Both are fantastic, by idea! Svelte is terrific, but when I tried it I just realized that it is, indeed, amazing, but also it generates a very large duplicated bytes. I'm talking about that it creates a factory for each component - that's totally okey, but when you have multiple components and you look over the code you see that these all components have almost exactly the same factory with just different name. So, there's more places for optimization, imo. :)

For proof of what i'm saying is that sample example - charpeni/svelte-example: notice that part of the generated "main" bundle

CatList.prototype._set = function _set(newState) {
  var oldState = this._state
  this._state = Object.assign({}, oldState, newState)

  dispatchObservers(this, this._observers.pre, newState, oldState)
  if (this._fragment) this._fragment.update(newState, this._state)
  dispatchObservers(this, this._observers.post, newState, oldState)

  this._flush()
}

CatList.prototype.teardown = CatList.prototype.destroy = function destroy(
  detach
) {
  this.fire('teardown')

  this._fragment.teardown(detach !== false)
  this._fragment = null

  this._state = {}
  this._torndown = true
}

Cat.prototype._set = function _set(newState) {
  var oldState = this._state
  this._state = Object.assign({}, oldState, newState)
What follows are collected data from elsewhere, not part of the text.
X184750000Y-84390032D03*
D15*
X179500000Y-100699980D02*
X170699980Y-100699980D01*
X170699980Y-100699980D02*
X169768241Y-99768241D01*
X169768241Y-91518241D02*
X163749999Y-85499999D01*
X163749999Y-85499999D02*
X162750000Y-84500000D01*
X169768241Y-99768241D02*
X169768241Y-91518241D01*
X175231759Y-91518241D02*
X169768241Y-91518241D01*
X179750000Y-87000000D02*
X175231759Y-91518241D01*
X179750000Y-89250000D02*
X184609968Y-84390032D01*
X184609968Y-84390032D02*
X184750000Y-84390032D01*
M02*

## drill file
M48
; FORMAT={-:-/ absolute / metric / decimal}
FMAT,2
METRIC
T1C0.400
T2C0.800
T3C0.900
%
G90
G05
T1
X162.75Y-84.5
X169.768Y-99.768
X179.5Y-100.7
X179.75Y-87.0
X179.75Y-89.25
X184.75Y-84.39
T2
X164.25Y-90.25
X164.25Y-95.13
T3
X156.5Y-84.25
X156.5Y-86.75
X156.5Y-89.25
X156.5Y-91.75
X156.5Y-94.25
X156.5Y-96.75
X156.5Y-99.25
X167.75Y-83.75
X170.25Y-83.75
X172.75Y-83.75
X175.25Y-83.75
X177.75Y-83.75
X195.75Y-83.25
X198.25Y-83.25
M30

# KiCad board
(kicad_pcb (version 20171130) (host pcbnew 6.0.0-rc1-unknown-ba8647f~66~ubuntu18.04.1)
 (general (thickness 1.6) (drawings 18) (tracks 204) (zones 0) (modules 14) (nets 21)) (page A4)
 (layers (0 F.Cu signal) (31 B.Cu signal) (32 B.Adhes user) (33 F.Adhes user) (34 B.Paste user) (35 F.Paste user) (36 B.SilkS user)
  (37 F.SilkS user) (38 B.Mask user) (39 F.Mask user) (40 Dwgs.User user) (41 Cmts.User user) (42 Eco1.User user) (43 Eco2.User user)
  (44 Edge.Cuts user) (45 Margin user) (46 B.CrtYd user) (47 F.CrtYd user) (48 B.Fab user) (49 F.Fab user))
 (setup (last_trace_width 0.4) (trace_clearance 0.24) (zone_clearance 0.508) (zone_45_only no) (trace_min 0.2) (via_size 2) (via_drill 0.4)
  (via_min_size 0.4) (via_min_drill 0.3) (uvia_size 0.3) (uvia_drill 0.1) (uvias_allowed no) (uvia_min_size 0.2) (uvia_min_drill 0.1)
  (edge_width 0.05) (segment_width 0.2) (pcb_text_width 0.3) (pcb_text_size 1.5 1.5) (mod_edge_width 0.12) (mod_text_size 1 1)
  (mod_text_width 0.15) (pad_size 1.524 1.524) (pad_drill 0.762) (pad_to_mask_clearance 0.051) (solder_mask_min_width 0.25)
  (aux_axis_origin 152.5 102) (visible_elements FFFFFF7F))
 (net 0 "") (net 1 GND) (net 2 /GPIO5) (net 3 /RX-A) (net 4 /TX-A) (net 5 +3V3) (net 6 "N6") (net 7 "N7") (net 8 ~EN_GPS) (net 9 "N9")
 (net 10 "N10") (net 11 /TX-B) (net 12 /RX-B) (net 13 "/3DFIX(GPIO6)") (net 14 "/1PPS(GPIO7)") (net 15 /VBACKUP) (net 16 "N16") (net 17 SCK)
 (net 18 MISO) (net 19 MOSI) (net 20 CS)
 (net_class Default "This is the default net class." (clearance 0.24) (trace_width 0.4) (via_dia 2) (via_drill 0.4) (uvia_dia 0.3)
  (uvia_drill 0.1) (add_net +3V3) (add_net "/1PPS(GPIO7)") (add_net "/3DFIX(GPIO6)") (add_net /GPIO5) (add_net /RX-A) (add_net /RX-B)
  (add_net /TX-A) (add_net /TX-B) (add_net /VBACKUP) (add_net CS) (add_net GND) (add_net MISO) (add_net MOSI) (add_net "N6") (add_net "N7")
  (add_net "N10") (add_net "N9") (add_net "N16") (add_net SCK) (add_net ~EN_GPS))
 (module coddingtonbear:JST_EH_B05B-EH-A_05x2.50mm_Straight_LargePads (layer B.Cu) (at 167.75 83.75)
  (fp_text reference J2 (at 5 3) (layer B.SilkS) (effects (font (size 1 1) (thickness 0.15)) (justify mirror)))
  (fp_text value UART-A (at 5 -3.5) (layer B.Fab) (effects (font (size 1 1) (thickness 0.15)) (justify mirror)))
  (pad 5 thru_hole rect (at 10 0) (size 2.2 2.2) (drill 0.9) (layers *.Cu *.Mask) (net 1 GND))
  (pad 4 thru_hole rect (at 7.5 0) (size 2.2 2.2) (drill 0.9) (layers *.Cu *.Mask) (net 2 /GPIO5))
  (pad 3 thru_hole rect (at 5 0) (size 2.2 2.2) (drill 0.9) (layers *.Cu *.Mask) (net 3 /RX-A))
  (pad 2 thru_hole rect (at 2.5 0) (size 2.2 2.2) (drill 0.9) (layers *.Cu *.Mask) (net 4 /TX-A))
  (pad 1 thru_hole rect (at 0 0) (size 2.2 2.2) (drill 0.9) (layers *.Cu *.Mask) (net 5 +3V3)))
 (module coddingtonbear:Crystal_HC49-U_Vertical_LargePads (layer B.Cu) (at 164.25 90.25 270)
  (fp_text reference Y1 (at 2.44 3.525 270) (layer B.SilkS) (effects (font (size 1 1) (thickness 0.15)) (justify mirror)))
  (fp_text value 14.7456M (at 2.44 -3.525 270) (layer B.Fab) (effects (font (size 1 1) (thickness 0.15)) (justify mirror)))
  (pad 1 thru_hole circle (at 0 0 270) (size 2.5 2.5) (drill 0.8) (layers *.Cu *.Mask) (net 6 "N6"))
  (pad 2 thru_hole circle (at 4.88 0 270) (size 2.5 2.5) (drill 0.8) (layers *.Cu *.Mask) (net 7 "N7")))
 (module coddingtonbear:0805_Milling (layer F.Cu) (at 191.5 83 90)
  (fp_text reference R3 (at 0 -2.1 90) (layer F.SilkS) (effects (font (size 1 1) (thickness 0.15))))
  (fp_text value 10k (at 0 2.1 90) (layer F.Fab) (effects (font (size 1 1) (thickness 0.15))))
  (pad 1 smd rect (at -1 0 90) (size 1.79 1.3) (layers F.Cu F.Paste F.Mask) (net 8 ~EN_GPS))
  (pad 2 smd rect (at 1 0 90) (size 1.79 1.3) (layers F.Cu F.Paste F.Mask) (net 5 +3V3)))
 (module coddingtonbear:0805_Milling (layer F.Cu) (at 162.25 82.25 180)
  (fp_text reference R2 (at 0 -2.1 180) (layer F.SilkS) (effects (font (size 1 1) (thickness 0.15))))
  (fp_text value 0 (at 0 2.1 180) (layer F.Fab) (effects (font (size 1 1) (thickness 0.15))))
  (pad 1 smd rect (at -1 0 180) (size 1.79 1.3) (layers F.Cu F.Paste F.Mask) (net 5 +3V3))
  dispatchObservers(this, this._observers.pre, newState, oldState)
  if (this._fragment) this._fragment.update(newState, this._state)
  dispatchObservers(this, this._observers.post, newState, oldState)
}

Cat.prototype.teardown = Cat.prototype.destroy = function destroy(detach) {
  this.fire('teardown')

  this._fragment.teardown(detach !== false)
  this._fragment = null

  this._state = {}
  this._torndown = true
}

The only difference is the names (mainly) of the components and that this._flush() call in the set in some cases. In teardown / destroy there's no diff. So probably more better would be to have a factory for the factory of components. The constructors are also the same and all that is just for one simple demo application, generated large duplicated code.

So in short: I love Svelte, it's looks awesome, but not feels that good. Specifically for me, when i see such things, I can't consider using it. :)

kazzkiq commented May 12, 2017

@tunnckoCore Indeed, it would be great if Svelte had an option to share the same factory/common code with its components.

Something like shareCommons: true, etc.

@kazzkiq It would be nice, although the extra download size can be easily be mitigated by serving gzipped versions of your scripts. The 1.14kB of text in the example @tunnckoCore provided goes down to just 311B when gzipped, without any minification. The savings on a larger app would be even greater.